Neural Style Transfer

Using the blow lines of codes, the style is transferred using the HUB module and the output image is generated.

outputs = hub_module(content_image, style_image)
stylized_image = outputs[0]

# Stylize content image with a given style image.
# This is pretty fast within a few milliseconds on a GPU.

outputs = hub_module(tf.constant(content_image), tf.constant(style_image))
stylized_image = outputs[0]

Once the style is transferred to the original image, we will visualize it all together using the below lines of codes.

# Visualize input images and the generated stylized image.

show_n([content_image, style_image, stylized_image], titles=['Original content image', 'Style image', 'Stylized image'])

Neural Style Transfer













end_time = time.time()
print('Time Taken = ', end_time-start_time)


The above steps will be repeated once more for another style transfer example.

content_image_url = 'https://upload.wikimedia.org/wikipedia/commons/thumb/1/1d/Taj_Mahal_%28Edited%29.jpeg/1920px-Taj_Mahal_%28Edited%29.jpeg'
style_image_url = 'https://joeburciaga.files.wordpress.com/2013/02/tsunami-2698.jpg'

content_image = load_image(content_image_url, content_img_size)
style_image = load_image(style_image_url, style_img_size)

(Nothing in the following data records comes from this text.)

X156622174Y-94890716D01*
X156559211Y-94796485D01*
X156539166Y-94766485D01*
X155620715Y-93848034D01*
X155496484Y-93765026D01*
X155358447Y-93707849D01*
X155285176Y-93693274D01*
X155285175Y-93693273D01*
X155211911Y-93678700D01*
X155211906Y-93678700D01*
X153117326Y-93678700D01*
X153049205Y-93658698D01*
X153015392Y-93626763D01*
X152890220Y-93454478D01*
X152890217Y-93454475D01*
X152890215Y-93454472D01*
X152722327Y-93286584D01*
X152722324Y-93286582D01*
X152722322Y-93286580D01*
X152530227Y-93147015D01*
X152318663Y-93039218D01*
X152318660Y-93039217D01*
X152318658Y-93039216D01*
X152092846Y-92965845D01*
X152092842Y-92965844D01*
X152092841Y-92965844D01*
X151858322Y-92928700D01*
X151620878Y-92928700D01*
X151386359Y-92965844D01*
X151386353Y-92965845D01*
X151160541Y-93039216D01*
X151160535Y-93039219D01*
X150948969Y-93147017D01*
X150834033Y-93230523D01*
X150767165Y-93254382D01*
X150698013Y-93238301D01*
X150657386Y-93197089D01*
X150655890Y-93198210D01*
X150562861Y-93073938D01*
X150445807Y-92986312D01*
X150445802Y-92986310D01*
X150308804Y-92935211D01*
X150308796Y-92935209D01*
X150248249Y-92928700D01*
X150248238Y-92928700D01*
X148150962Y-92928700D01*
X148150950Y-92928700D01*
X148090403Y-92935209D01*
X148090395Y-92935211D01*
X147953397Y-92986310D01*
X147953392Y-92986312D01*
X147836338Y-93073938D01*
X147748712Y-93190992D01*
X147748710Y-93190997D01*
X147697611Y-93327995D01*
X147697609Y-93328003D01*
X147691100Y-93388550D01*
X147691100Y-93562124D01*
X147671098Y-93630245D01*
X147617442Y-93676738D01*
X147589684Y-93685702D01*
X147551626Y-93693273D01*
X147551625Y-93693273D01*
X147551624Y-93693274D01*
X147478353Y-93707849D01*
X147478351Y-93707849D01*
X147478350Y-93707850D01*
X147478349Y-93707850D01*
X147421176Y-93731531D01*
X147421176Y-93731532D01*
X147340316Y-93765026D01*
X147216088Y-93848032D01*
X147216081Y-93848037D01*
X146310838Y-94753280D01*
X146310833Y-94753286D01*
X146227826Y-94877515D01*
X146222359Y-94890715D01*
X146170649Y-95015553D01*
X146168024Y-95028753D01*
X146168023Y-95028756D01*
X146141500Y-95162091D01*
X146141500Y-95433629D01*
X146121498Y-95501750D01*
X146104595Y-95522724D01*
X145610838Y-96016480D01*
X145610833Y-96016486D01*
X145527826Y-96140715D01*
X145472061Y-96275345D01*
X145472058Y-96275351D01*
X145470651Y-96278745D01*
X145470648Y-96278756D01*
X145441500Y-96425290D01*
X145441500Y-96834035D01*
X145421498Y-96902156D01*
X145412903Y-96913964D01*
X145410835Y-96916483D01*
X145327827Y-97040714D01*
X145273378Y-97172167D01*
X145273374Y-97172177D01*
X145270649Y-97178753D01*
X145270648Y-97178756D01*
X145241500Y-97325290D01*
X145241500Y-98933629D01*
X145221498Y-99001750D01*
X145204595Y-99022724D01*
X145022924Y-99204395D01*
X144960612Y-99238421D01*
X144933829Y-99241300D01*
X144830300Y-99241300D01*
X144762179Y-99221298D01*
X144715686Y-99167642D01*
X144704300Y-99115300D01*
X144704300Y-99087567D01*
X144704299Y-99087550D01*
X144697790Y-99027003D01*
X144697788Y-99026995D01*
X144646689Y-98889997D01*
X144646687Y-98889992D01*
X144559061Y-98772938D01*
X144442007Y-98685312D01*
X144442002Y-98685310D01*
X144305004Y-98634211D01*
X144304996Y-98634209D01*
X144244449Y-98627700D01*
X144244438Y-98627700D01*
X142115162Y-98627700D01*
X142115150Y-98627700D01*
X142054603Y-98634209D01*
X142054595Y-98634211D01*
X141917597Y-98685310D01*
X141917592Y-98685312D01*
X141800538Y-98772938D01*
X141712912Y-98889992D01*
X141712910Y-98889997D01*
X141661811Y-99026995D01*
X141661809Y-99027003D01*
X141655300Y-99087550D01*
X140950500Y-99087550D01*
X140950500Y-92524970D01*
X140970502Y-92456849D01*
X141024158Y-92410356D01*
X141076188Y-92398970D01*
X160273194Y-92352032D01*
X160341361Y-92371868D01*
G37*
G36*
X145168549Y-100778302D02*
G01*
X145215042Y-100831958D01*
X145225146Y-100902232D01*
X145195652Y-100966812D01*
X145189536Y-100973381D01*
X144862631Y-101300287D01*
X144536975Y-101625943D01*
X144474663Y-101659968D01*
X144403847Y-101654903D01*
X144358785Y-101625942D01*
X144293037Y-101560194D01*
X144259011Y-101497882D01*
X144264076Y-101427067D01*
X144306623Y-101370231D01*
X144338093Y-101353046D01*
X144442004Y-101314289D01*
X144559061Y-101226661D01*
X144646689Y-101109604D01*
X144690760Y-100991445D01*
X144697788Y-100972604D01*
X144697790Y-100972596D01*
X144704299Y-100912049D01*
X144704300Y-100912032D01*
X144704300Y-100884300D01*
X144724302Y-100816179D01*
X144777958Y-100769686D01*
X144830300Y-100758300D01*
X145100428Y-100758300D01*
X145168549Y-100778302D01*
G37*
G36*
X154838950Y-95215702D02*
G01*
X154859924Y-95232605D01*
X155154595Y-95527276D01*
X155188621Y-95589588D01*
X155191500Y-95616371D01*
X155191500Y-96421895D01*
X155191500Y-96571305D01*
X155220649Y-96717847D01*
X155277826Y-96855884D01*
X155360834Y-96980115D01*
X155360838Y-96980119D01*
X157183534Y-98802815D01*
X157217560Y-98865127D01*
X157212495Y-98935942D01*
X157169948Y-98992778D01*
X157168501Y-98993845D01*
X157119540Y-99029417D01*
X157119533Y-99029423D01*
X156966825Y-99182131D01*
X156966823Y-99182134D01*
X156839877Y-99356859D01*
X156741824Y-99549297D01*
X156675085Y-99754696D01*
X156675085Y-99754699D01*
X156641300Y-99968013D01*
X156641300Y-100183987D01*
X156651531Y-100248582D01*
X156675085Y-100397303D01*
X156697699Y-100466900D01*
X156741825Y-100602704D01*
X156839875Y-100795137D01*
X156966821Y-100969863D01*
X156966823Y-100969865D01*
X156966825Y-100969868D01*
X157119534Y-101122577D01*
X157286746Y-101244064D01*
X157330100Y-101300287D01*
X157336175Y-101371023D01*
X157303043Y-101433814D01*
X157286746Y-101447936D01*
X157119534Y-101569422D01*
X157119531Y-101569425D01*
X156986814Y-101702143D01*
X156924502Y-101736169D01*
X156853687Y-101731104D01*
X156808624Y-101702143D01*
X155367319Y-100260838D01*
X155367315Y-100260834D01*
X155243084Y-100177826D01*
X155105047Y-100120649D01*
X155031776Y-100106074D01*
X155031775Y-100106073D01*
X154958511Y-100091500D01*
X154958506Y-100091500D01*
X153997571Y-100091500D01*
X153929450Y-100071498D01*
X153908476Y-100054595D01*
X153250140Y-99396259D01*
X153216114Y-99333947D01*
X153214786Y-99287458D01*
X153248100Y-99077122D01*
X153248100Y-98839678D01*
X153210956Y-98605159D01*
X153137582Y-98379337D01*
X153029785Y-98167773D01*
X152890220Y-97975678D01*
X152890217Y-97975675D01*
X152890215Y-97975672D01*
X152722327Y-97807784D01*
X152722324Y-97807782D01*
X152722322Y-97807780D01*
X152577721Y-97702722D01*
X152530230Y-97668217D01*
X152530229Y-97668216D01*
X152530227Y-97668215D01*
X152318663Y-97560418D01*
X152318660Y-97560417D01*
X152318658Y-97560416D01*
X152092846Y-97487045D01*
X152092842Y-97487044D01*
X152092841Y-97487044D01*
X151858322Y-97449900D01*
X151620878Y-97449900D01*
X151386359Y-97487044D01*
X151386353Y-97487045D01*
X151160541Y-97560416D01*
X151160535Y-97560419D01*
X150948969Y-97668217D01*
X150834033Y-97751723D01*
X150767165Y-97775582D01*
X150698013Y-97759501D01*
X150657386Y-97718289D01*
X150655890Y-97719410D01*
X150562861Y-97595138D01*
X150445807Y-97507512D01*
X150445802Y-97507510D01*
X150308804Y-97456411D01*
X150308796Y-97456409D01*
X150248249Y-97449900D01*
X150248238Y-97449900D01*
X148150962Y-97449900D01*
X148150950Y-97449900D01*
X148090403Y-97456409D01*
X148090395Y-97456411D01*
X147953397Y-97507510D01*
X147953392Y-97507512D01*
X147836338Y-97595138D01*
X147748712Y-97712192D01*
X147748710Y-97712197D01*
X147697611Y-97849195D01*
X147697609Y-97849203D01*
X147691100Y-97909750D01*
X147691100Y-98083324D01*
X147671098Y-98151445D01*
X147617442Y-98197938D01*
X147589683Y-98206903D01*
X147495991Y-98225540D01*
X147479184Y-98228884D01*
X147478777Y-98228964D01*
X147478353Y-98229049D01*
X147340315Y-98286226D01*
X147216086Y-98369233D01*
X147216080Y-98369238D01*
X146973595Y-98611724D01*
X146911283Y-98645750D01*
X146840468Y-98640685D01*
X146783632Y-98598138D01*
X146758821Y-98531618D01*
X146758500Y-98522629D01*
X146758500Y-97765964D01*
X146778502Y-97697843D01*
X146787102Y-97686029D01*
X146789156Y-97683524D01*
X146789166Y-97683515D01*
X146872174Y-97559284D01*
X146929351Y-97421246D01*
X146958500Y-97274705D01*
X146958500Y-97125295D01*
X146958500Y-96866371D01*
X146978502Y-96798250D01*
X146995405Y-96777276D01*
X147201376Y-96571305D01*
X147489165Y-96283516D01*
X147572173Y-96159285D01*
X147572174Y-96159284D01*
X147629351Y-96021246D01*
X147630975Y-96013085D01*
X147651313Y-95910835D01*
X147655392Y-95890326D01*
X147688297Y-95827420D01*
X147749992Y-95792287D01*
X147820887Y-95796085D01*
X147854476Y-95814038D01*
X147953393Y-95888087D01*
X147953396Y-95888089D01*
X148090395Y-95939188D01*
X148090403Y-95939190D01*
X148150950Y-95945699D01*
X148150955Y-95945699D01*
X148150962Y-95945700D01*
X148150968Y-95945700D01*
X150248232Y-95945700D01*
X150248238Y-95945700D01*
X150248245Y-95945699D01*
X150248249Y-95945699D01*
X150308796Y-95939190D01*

style_image = tf.nn.avg_pool(style_image, ksize=[3,3], strides=[1,1], padding='SAME')
show_n([content_image, style_image], ['Content image', 'Style image'])

Neural Style Transfer
















start_time = time.time()

hub_handle = 'https://tfhub.dev/google/magenta/arbitrary-image-stylization-v1-256/2'
hub_module = hub.load(hub_handle)

outputs = hub_module(content_image, style_image)
stylized_image = outputs[0]

# Stylize content image with a given style image.
# This is pretty fast within a few milliseconds on a GPU.

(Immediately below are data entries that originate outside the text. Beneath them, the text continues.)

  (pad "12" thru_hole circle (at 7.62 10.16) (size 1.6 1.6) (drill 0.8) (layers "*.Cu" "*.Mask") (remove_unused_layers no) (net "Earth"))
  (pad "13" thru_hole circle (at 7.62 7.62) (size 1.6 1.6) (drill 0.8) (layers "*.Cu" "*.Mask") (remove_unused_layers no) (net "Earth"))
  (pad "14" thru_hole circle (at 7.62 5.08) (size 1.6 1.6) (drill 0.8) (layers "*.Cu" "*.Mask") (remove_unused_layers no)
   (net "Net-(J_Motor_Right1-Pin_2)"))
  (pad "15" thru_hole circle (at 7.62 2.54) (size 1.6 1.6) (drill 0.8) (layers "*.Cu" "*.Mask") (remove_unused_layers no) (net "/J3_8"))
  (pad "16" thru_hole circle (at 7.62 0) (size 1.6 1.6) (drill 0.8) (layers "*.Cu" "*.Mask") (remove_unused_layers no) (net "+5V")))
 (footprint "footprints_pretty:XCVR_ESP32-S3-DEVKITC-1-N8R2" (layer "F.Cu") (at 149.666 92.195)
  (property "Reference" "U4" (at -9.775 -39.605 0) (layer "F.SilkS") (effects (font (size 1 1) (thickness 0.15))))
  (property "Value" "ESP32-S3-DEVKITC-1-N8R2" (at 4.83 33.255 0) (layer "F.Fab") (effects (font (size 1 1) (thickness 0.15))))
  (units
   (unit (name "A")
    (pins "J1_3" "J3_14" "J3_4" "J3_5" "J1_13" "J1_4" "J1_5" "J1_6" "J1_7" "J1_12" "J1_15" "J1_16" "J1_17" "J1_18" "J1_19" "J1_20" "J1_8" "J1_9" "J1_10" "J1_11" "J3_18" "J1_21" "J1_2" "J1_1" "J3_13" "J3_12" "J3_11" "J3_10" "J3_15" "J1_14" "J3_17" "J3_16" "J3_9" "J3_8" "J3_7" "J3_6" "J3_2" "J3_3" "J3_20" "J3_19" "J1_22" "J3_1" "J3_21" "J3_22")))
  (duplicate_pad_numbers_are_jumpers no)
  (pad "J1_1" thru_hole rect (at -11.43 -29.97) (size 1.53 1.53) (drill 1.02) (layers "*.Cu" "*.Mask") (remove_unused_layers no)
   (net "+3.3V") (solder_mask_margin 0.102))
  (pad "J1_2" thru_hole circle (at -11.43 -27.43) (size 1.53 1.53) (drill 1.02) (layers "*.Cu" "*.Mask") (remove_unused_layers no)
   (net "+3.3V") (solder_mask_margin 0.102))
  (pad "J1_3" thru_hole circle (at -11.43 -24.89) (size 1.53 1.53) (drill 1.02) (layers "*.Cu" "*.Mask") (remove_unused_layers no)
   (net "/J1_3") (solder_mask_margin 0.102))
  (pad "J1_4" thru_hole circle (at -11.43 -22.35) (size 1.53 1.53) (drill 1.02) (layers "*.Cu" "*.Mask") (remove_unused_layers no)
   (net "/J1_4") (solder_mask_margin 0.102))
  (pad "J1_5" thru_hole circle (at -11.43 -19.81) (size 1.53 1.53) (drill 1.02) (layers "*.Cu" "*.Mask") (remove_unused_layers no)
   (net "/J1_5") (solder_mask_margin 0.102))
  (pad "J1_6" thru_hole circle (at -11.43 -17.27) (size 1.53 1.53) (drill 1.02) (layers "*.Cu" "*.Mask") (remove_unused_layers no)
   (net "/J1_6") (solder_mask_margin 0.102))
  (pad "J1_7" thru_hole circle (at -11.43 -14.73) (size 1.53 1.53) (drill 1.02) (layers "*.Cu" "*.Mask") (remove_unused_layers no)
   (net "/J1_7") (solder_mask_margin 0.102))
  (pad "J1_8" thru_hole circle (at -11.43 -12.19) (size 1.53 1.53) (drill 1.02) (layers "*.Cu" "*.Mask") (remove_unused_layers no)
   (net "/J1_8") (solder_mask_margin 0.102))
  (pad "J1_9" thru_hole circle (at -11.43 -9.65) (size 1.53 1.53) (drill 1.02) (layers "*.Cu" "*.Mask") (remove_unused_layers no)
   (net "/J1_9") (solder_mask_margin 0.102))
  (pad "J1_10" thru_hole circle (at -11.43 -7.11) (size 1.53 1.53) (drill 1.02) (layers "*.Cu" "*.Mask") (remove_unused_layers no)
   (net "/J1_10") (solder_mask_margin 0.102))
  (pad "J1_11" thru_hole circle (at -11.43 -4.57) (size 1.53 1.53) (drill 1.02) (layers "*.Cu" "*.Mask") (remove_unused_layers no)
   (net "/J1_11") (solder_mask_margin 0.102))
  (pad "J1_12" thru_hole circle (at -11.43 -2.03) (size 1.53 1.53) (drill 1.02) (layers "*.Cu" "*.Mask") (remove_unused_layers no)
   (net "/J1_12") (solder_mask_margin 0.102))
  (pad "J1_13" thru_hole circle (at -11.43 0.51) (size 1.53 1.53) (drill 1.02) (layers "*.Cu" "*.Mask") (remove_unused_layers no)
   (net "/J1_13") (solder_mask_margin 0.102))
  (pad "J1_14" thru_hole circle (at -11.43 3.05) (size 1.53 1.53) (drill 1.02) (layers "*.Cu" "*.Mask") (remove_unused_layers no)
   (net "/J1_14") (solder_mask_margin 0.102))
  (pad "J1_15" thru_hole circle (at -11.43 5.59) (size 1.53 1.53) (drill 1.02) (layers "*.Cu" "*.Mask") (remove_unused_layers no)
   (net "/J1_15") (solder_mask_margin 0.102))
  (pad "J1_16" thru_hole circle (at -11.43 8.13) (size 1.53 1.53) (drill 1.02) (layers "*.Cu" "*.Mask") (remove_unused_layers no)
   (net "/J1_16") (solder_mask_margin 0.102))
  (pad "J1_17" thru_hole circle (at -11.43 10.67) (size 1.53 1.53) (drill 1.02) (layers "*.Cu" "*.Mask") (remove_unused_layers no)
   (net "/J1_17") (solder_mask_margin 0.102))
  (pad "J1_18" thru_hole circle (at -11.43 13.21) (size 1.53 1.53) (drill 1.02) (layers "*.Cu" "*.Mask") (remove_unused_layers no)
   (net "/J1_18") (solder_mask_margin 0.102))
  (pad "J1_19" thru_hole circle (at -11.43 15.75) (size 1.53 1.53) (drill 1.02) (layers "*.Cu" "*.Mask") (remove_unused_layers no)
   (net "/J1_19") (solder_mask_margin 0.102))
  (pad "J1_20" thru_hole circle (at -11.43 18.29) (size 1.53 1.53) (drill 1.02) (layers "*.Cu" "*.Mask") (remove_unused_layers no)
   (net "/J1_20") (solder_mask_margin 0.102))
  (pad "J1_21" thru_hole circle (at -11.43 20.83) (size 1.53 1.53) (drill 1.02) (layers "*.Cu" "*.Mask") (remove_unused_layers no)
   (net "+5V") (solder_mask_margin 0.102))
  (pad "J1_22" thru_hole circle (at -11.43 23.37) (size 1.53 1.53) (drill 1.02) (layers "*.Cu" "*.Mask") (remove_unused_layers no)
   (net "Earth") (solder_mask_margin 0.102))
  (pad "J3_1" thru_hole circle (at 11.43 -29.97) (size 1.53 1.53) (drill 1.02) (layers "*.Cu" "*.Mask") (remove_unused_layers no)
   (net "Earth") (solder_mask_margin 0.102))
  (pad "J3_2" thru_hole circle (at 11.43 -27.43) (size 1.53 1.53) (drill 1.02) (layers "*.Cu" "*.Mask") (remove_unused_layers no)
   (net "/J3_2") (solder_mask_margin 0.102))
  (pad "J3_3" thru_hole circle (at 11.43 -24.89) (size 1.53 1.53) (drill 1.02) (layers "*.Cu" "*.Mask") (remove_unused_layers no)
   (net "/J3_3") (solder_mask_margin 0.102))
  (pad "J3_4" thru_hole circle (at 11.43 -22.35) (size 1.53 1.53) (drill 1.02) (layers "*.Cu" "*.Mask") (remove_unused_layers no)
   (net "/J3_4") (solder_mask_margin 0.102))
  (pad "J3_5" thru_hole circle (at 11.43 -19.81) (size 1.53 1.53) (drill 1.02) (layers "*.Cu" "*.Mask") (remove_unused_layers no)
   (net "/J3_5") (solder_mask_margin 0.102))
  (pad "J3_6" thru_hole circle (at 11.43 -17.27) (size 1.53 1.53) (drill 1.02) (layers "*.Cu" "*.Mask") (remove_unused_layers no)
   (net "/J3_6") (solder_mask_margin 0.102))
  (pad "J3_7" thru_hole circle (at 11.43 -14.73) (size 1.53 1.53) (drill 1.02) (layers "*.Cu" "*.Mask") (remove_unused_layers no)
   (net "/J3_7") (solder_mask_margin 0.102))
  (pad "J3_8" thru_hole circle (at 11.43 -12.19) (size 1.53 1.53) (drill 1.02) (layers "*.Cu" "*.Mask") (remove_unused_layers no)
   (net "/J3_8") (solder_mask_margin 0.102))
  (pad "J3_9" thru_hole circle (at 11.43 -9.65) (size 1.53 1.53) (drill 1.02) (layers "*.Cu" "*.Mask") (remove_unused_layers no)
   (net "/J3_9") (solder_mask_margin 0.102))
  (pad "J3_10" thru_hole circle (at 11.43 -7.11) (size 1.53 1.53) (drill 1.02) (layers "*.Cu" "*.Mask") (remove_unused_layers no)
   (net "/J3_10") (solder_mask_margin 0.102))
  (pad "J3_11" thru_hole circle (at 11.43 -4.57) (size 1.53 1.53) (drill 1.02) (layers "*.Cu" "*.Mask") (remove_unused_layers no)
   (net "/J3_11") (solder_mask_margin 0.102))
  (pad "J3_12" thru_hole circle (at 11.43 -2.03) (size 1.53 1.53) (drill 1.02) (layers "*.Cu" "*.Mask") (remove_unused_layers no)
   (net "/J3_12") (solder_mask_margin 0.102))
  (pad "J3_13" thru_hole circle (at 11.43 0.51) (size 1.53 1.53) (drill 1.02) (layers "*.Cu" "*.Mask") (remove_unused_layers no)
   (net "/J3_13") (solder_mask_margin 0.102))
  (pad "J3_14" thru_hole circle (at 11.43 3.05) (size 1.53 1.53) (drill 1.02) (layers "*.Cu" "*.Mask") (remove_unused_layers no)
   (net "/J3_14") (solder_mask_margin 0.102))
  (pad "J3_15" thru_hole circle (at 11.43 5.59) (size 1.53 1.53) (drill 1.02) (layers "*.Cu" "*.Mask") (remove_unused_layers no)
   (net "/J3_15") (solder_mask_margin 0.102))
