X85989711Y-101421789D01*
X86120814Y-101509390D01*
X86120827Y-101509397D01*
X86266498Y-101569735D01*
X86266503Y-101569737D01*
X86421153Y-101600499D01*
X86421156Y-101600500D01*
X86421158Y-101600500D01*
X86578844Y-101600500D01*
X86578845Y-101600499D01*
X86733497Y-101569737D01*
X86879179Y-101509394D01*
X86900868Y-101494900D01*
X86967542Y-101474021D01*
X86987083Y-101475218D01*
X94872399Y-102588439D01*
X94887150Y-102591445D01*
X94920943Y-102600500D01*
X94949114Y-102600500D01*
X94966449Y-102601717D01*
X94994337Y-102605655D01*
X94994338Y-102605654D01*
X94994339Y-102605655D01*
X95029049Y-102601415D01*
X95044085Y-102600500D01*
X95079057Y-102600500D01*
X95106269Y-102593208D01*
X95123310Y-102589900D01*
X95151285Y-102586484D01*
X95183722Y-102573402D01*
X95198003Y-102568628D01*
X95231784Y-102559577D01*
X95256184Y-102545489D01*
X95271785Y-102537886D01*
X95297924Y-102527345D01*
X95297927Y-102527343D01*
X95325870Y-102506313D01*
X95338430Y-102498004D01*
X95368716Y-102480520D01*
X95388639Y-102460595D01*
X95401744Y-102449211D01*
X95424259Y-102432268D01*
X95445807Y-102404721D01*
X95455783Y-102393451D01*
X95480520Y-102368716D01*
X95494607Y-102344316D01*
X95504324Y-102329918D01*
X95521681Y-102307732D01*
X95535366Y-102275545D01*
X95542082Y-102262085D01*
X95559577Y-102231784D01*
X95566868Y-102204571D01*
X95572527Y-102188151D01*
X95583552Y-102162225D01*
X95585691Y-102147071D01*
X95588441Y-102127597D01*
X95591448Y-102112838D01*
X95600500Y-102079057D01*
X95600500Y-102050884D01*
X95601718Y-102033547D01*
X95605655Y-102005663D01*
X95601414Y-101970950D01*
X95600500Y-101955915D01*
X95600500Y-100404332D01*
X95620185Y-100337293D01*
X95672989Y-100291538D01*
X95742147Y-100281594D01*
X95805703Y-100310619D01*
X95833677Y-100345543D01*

outputs = hub_module(tf.constant(content_image), tf.constant(style_image))
stylized_image = outputs[0]

# Visualize input images and the generated stylized image.
show_n([content_image, style_image, stylized_image], titles=['Original content image', 'Style image', 'Stylized image'])

Neural Style Transfer












end_time = time.time()
print('Time Taken = ', end_time-start_time)
 

So, as we could see that using the TF-Hub module, it is very easy to transfer style from one image to another. It can be done very fastly in very few steps. It takes less than 4 seconds in style transfer in images. It also requires a very less computation time and resources for execution. In the steps of style transfer were performed for the single images and therefore the batch dimension was kept as 1. It can be done for more than one images at the same time using this module. 

References:-

  1. TensorFlow tutorial on ‘Neural Style Transfer’.
  2. TensorFlow tutorial on ‘Artistic Style Transfer with TensorFlow Lite’.
  3. TensorFlow tutorial on ‘Fast Style Transfer for Arbitrary Styles’.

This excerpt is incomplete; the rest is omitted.